(Beginning of Recorded information)
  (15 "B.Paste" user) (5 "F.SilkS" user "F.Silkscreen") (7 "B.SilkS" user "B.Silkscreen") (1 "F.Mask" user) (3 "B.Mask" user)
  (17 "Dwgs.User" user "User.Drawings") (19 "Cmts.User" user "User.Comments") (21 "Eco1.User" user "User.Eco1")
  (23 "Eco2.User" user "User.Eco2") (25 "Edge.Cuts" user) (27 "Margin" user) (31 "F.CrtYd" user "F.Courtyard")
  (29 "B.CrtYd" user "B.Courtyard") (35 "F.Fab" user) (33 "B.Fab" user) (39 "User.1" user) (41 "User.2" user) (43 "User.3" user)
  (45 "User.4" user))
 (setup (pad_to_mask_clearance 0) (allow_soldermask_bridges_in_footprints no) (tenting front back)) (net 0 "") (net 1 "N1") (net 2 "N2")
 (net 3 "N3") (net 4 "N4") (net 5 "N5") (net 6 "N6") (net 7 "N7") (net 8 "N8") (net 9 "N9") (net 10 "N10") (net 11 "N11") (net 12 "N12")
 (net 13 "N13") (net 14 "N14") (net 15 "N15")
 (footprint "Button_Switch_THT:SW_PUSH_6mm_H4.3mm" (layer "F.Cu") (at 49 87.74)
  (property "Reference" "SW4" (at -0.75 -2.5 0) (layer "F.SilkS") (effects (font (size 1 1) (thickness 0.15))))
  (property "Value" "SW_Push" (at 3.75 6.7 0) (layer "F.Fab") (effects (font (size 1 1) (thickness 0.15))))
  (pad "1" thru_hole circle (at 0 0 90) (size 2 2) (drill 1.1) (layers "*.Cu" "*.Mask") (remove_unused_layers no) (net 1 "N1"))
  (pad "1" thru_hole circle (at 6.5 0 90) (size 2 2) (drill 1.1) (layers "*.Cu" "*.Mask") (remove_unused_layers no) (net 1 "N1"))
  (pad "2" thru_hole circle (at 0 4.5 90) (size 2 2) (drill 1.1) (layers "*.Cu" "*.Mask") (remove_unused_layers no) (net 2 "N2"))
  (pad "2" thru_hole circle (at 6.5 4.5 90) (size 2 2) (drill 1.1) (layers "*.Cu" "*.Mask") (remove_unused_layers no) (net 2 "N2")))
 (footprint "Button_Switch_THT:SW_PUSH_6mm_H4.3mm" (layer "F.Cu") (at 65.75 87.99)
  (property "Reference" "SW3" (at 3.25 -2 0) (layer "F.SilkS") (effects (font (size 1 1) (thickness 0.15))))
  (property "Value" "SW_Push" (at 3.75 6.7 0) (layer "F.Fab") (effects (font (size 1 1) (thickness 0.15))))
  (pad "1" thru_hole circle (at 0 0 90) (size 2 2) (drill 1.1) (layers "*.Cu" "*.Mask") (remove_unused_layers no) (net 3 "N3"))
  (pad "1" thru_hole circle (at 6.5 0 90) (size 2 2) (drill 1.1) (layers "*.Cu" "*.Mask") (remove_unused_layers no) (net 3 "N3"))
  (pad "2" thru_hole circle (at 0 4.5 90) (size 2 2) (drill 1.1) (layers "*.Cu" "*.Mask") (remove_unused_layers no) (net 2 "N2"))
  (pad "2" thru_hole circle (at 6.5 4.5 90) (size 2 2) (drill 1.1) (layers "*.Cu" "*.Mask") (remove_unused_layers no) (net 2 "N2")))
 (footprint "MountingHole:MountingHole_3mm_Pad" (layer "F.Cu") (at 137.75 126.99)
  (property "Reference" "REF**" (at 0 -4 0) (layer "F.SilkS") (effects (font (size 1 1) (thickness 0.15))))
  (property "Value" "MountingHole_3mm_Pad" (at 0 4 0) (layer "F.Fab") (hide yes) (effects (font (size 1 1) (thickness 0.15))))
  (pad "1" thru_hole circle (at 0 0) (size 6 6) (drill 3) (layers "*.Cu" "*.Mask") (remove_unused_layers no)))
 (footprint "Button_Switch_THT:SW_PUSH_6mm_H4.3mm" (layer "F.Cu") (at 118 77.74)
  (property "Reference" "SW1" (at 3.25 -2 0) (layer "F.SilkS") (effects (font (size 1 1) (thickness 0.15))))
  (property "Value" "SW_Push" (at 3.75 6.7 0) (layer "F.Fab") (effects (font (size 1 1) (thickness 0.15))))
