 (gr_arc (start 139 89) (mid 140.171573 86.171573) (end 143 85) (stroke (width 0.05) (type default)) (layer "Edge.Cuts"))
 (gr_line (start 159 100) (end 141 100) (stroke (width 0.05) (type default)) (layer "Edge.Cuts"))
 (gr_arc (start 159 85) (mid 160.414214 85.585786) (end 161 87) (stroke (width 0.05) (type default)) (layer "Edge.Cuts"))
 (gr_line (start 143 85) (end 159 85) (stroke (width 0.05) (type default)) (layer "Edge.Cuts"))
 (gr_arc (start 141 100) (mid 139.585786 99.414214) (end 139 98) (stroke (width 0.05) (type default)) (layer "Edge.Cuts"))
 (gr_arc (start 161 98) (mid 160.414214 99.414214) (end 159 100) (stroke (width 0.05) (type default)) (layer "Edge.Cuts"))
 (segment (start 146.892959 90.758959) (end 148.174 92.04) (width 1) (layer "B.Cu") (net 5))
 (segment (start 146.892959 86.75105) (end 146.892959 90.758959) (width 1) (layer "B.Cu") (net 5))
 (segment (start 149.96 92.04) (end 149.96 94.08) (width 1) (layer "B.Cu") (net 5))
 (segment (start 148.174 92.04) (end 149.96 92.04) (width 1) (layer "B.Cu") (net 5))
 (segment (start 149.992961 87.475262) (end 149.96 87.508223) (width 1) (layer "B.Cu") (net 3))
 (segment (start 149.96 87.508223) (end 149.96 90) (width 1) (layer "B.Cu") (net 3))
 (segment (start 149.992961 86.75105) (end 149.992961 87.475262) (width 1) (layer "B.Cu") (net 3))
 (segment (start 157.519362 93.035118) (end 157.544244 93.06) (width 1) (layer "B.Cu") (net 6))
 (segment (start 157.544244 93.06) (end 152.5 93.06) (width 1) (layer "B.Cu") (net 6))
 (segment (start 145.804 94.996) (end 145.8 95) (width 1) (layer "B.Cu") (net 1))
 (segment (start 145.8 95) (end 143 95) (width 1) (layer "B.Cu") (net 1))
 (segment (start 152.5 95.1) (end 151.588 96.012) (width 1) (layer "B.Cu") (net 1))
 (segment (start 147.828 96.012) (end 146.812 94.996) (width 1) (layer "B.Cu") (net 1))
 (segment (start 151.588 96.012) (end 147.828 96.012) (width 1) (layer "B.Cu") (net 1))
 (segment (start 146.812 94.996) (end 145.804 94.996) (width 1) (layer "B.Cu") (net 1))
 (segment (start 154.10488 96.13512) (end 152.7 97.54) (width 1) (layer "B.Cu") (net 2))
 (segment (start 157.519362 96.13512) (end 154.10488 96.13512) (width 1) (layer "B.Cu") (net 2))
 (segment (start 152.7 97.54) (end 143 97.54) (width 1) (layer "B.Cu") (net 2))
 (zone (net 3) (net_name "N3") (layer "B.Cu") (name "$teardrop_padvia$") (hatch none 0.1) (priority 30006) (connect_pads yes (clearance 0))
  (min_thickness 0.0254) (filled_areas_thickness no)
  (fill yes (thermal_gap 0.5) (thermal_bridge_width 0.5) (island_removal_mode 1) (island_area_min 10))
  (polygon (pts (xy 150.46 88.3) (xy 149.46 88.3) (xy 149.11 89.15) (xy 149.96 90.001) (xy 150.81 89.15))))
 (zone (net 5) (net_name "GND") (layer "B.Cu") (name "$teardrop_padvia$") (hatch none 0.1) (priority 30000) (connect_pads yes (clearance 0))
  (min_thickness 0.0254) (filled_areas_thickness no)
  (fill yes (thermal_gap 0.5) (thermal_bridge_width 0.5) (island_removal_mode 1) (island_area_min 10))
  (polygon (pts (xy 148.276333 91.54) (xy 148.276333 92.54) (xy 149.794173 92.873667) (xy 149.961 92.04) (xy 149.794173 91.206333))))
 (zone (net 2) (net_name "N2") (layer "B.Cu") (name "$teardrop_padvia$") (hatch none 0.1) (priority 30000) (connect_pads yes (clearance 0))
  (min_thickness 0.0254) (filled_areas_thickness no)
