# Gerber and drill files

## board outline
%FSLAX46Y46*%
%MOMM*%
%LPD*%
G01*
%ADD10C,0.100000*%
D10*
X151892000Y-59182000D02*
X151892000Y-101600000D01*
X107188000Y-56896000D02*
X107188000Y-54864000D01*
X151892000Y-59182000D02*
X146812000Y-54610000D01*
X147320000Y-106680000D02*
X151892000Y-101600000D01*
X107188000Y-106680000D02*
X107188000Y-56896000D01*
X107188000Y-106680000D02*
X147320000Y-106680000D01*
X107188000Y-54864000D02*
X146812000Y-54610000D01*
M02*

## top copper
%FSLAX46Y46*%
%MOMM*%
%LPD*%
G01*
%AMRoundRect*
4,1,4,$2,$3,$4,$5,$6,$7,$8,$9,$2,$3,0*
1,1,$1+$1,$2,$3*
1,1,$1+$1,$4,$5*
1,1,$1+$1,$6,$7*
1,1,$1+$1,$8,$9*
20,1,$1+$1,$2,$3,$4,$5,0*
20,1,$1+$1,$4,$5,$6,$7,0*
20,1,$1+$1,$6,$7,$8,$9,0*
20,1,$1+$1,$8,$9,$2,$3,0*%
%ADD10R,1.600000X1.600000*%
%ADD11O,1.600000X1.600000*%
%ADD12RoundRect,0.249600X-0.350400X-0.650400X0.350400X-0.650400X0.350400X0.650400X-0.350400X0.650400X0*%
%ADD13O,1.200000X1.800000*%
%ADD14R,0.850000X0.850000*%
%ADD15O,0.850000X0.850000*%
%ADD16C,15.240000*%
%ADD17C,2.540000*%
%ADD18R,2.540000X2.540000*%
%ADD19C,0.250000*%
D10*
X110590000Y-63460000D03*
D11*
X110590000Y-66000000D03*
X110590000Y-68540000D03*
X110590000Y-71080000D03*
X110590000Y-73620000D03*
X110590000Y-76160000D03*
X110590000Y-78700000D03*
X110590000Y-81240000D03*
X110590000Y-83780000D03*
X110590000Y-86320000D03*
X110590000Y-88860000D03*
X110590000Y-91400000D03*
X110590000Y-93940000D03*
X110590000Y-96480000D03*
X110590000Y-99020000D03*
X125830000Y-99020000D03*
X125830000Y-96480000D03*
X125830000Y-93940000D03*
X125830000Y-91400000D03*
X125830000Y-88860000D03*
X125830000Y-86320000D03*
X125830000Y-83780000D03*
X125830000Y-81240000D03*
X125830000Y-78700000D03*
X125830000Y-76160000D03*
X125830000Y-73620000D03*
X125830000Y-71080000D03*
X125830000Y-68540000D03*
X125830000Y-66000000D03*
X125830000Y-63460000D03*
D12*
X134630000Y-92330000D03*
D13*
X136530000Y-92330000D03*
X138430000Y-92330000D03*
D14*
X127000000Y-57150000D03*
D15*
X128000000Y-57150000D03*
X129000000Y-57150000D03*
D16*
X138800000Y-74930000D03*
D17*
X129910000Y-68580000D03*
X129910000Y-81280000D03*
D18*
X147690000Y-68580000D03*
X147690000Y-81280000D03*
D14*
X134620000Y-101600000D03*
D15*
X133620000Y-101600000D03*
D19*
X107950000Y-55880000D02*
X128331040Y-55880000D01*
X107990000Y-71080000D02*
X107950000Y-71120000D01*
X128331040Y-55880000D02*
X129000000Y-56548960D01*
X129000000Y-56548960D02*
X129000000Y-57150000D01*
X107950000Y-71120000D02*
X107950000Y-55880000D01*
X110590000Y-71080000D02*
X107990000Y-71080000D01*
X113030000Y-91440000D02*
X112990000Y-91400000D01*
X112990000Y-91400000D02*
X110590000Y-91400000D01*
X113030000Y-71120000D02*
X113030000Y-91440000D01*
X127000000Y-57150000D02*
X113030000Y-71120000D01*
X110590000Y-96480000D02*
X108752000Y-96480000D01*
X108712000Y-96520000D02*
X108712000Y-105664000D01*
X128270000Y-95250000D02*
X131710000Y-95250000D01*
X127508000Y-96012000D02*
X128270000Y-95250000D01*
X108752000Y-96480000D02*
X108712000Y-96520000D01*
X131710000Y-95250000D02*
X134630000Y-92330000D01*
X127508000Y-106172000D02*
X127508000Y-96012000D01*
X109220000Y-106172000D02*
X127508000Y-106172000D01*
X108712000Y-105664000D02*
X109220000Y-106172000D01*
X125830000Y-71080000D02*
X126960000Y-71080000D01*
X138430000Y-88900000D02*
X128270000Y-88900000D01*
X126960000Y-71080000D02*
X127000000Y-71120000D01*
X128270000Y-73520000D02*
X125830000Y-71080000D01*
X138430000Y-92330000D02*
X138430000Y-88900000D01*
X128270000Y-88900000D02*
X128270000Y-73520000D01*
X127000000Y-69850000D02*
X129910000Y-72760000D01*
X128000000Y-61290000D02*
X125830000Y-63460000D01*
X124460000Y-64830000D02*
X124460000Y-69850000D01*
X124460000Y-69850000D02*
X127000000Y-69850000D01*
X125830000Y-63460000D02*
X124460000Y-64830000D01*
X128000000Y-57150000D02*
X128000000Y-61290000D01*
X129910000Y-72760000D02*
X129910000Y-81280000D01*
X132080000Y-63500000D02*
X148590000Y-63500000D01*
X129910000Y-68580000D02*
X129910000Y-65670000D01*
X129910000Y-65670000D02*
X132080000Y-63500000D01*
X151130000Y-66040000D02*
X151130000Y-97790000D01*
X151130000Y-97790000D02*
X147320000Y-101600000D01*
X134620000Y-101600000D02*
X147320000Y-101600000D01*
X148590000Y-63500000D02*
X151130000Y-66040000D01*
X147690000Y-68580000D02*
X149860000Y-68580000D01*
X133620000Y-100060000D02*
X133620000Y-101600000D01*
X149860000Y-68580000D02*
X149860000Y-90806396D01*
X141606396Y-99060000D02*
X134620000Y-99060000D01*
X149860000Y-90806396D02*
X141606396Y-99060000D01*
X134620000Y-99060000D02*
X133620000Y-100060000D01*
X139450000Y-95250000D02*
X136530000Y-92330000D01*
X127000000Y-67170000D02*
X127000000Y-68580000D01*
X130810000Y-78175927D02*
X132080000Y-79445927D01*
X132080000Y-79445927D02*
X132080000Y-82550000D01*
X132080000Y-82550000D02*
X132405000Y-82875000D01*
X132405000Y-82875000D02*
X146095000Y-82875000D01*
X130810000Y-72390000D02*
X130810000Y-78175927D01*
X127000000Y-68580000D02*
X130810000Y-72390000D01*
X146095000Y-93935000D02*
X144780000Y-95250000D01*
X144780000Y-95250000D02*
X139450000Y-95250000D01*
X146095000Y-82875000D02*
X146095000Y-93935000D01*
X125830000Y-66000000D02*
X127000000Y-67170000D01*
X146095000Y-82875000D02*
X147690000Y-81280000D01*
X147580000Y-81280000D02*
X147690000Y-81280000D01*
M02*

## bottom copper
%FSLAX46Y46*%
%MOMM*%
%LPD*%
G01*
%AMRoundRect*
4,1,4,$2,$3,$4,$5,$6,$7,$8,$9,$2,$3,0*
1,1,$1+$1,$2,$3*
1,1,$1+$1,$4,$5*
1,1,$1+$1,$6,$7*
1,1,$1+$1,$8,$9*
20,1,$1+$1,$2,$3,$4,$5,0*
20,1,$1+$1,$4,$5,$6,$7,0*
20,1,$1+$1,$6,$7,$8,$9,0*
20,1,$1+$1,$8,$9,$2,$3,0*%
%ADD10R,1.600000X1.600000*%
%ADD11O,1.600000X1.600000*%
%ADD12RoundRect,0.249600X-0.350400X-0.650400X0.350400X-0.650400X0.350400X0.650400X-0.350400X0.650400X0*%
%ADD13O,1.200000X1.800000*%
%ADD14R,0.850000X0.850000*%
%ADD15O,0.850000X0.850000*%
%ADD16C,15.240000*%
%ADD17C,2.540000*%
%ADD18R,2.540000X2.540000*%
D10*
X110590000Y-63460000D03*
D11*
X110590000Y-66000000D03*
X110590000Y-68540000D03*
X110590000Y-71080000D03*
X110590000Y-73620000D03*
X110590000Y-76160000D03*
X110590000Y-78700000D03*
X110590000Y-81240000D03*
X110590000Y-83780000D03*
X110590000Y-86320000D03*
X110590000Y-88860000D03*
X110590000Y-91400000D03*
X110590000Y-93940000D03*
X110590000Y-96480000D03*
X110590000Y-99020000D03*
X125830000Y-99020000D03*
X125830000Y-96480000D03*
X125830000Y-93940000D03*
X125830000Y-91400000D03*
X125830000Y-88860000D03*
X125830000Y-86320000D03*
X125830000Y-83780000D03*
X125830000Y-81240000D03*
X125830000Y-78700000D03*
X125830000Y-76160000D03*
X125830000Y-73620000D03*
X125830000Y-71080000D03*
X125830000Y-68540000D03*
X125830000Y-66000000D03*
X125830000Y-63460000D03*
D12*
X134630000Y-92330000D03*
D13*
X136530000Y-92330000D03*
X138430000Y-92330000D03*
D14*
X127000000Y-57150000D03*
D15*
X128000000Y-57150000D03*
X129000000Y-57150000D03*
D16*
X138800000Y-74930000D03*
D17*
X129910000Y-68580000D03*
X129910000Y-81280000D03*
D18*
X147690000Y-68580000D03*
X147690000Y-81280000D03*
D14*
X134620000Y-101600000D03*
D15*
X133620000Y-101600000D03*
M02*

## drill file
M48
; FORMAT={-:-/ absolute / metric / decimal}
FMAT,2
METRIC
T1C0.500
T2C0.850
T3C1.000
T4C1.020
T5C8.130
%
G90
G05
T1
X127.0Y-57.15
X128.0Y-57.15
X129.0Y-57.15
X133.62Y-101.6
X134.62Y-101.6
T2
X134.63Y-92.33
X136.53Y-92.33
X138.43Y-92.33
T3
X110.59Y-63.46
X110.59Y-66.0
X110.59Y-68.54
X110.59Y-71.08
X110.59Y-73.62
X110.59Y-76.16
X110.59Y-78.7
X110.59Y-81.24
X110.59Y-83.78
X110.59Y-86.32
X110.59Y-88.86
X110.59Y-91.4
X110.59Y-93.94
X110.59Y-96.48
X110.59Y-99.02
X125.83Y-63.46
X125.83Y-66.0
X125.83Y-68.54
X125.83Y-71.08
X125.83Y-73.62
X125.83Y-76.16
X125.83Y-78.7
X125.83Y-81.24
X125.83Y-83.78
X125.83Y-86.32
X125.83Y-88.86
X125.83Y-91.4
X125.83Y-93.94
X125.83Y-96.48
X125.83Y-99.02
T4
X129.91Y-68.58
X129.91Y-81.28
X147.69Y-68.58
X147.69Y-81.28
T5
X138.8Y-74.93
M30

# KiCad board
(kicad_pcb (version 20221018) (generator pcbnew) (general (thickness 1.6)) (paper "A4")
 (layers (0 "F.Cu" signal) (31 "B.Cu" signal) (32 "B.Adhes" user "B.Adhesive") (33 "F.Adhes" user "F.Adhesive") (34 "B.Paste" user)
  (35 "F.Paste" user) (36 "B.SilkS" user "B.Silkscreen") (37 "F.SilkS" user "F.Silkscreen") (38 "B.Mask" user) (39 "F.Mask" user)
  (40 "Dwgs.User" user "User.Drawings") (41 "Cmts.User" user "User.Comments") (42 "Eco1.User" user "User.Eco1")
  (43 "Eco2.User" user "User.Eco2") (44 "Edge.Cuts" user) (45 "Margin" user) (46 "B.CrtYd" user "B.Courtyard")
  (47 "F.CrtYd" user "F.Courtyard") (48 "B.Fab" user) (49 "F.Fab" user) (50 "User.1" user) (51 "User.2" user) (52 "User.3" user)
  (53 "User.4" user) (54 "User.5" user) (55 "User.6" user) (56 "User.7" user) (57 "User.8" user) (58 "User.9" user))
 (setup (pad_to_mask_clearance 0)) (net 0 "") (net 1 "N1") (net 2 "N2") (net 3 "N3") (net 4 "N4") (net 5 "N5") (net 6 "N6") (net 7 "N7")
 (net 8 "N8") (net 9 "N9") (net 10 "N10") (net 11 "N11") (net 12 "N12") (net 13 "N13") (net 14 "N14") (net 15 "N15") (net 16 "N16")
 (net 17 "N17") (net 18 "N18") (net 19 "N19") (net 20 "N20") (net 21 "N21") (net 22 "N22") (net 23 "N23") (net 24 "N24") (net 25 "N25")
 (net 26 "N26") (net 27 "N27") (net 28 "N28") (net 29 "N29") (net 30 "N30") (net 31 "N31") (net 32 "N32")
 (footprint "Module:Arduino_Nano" (layer "F.Cu") (at 110.59 63.46)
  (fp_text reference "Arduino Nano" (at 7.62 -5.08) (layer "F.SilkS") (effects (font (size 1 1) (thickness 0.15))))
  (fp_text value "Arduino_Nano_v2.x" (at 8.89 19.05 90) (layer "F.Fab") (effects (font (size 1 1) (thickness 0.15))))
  (pad "1" thru_hole rect (at 0 0) (size 1.6 1.6) (drill 1) (layers "*.Cu" "*.Mask") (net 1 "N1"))
  (pad "2" thru_hole oval (at 0 2.54) (size 1.6 1.6) (drill 1) (layers "*.Cu" "*.Mask") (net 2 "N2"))
  (pad "3" thru_hole oval (at 0 5.08) (size 1.6 1.6) (drill 1) (layers "*.Cu" "*.Mask") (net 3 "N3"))
  (pad "4" thru_hole oval (at 0 7.62) (size 1.6 1.6) (drill 1) (layers "*.Cu" "*.Mask") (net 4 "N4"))
  (pad "5" thru_hole oval (at 0 10.16) (size 1.6 1.6) (drill 1) (layers "*.Cu" "*.Mask") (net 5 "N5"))
  (pad "6" thru_hole oval (at 0 12.7) (size 1.6 1.6) (drill 1) (layers "*.Cu" "*.Mask") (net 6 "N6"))
  (pad "7" thru_hole oval (at 0 15.24) (size 1.6 1.6) (drill 1) (layers "*.Cu" "*.Mask") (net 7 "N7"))
  (pad "8" thru_hole oval (at 0 17.78) (size 1.6 1.6) (drill 1) (layers "*.Cu" "*.Mask") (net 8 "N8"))
  (pad "9" thru_hole oval (at 0 20.32) (size 1.6 1.6) (drill 1) (layers "*.Cu" "*.Mask") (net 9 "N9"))
  (pad "10" thru_hole oval (at 0 22.86) (size 1.6 1.6) (drill 1) (layers "*.Cu" "*.Mask") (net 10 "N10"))
  (pad "11" thru_hole oval (at 0 25.4) (size 1.6 1.6) (drill 1) (layers "*.Cu" "*.Mask") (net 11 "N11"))
  (pad "12" thru_hole oval (at 0 27.94) (size 1.6 1.6) (drill 1) (layers "*.Cu" "*.Mask") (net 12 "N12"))
  (pad "13" thru_hole oval (at 0 30.48) (size 1.6 1.6) (drill 1) (layers "*.Cu" "*.Mask") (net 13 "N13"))
  (pad "14" thru_hole oval (at 0 33.02) (size 1.6 1.6) (drill 1) (layers "*.Cu" "*.Mask") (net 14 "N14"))
  (pad "15" thru_hole oval (at 0 35.56) (size 1.6 1.6) (drill 1) (layers "*.Cu" "*.Mask") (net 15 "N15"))
  (pad "16" thru_hole oval (at 15.24 35.56) (size 1.6 1.6) (drill 1) (layers "*.Cu" "*.Mask") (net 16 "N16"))
  (pad "17" thru_hole oval (at 15.24 33.02) (size 1.6 1.6) (drill 1) (layers "*.Cu" "*.Mask") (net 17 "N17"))
  (pad "18" thru_hole oval (at 15.24 30.48) (size 1.6 1.6) (drill 1) (layers "*.Cu" "*.Mask") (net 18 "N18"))
  (pad "19" thru_hole oval (at 15.24 27.94) (size 1.6 1.6) (drill 1) (layers "*.Cu" "*.Mask") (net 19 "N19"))
  (pad "20" thru_hole oval (at 15.24 25.4) (size 1.6 1.6) (drill 1) (layers "*.Cu" "*.Mask") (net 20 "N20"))
  (pad "21" thru_hole oval (at 15.24 22.86) (size 1.6 1.6) (drill 1) (layers "*.Cu" "*.Mask") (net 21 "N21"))
  (pad "22" thru_hole oval (at 15.24 20.32) (size 1.6 1.6) (drill 1) (layers "*.Cu" "*.Mask") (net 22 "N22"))
  (pad "23" thru_hole oval (at 15.24 17.78) (size 1.6 1.6) (drill 1) (layers "*.Cu" "*.Mask") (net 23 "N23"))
(End of Recorded information)
§ Brief
Could you return all lines from the data above that contain the string "property"?

§ Task result
  (property "Reference" "SW4" (at -0.75 -2.5 0) (layer "F.SilkS") (effects (font (size 1 1) (thickness 0.15))))
  (property "Value" "SW_Push" (at 3.75 6.7 0) (layer "F.Fab") (effects (font (size 1 1) (thickness 0.15))))
  (property "Reference" "SW3" (at 3.25 -2 0) (layer "F.SilkS") (effects (font (size 1 1) (thickness 0.15))))
  (property "Value" "SW_Push" (at 3.75 6.7 0) (layer "F.Fab") (effects (font (size 1 1) (thickness 0.15))))
  (property "Reference" "REF**" (at 0 -4 0) (layer "F.SilkS") (effects (font (size 1 1) (thickness 0.15))))
  (property "Value" "MountingHole_3mm_Pad" (at 0 4 0) (layer "F.Fab") (hide yes) (effects (font (size 1 1) (thickness 0.15))))
  (property "Reference" "SW1" (at 3.25 -2 0) (layer "F.SilkS") (effects (font (size 1 1) (thickness 0.15))))
  (property "Value" "SW_Push" (at 3.75 6.7 0) (layer "F.Fab") (effects (font (size 1 1) (thickness 0.15))))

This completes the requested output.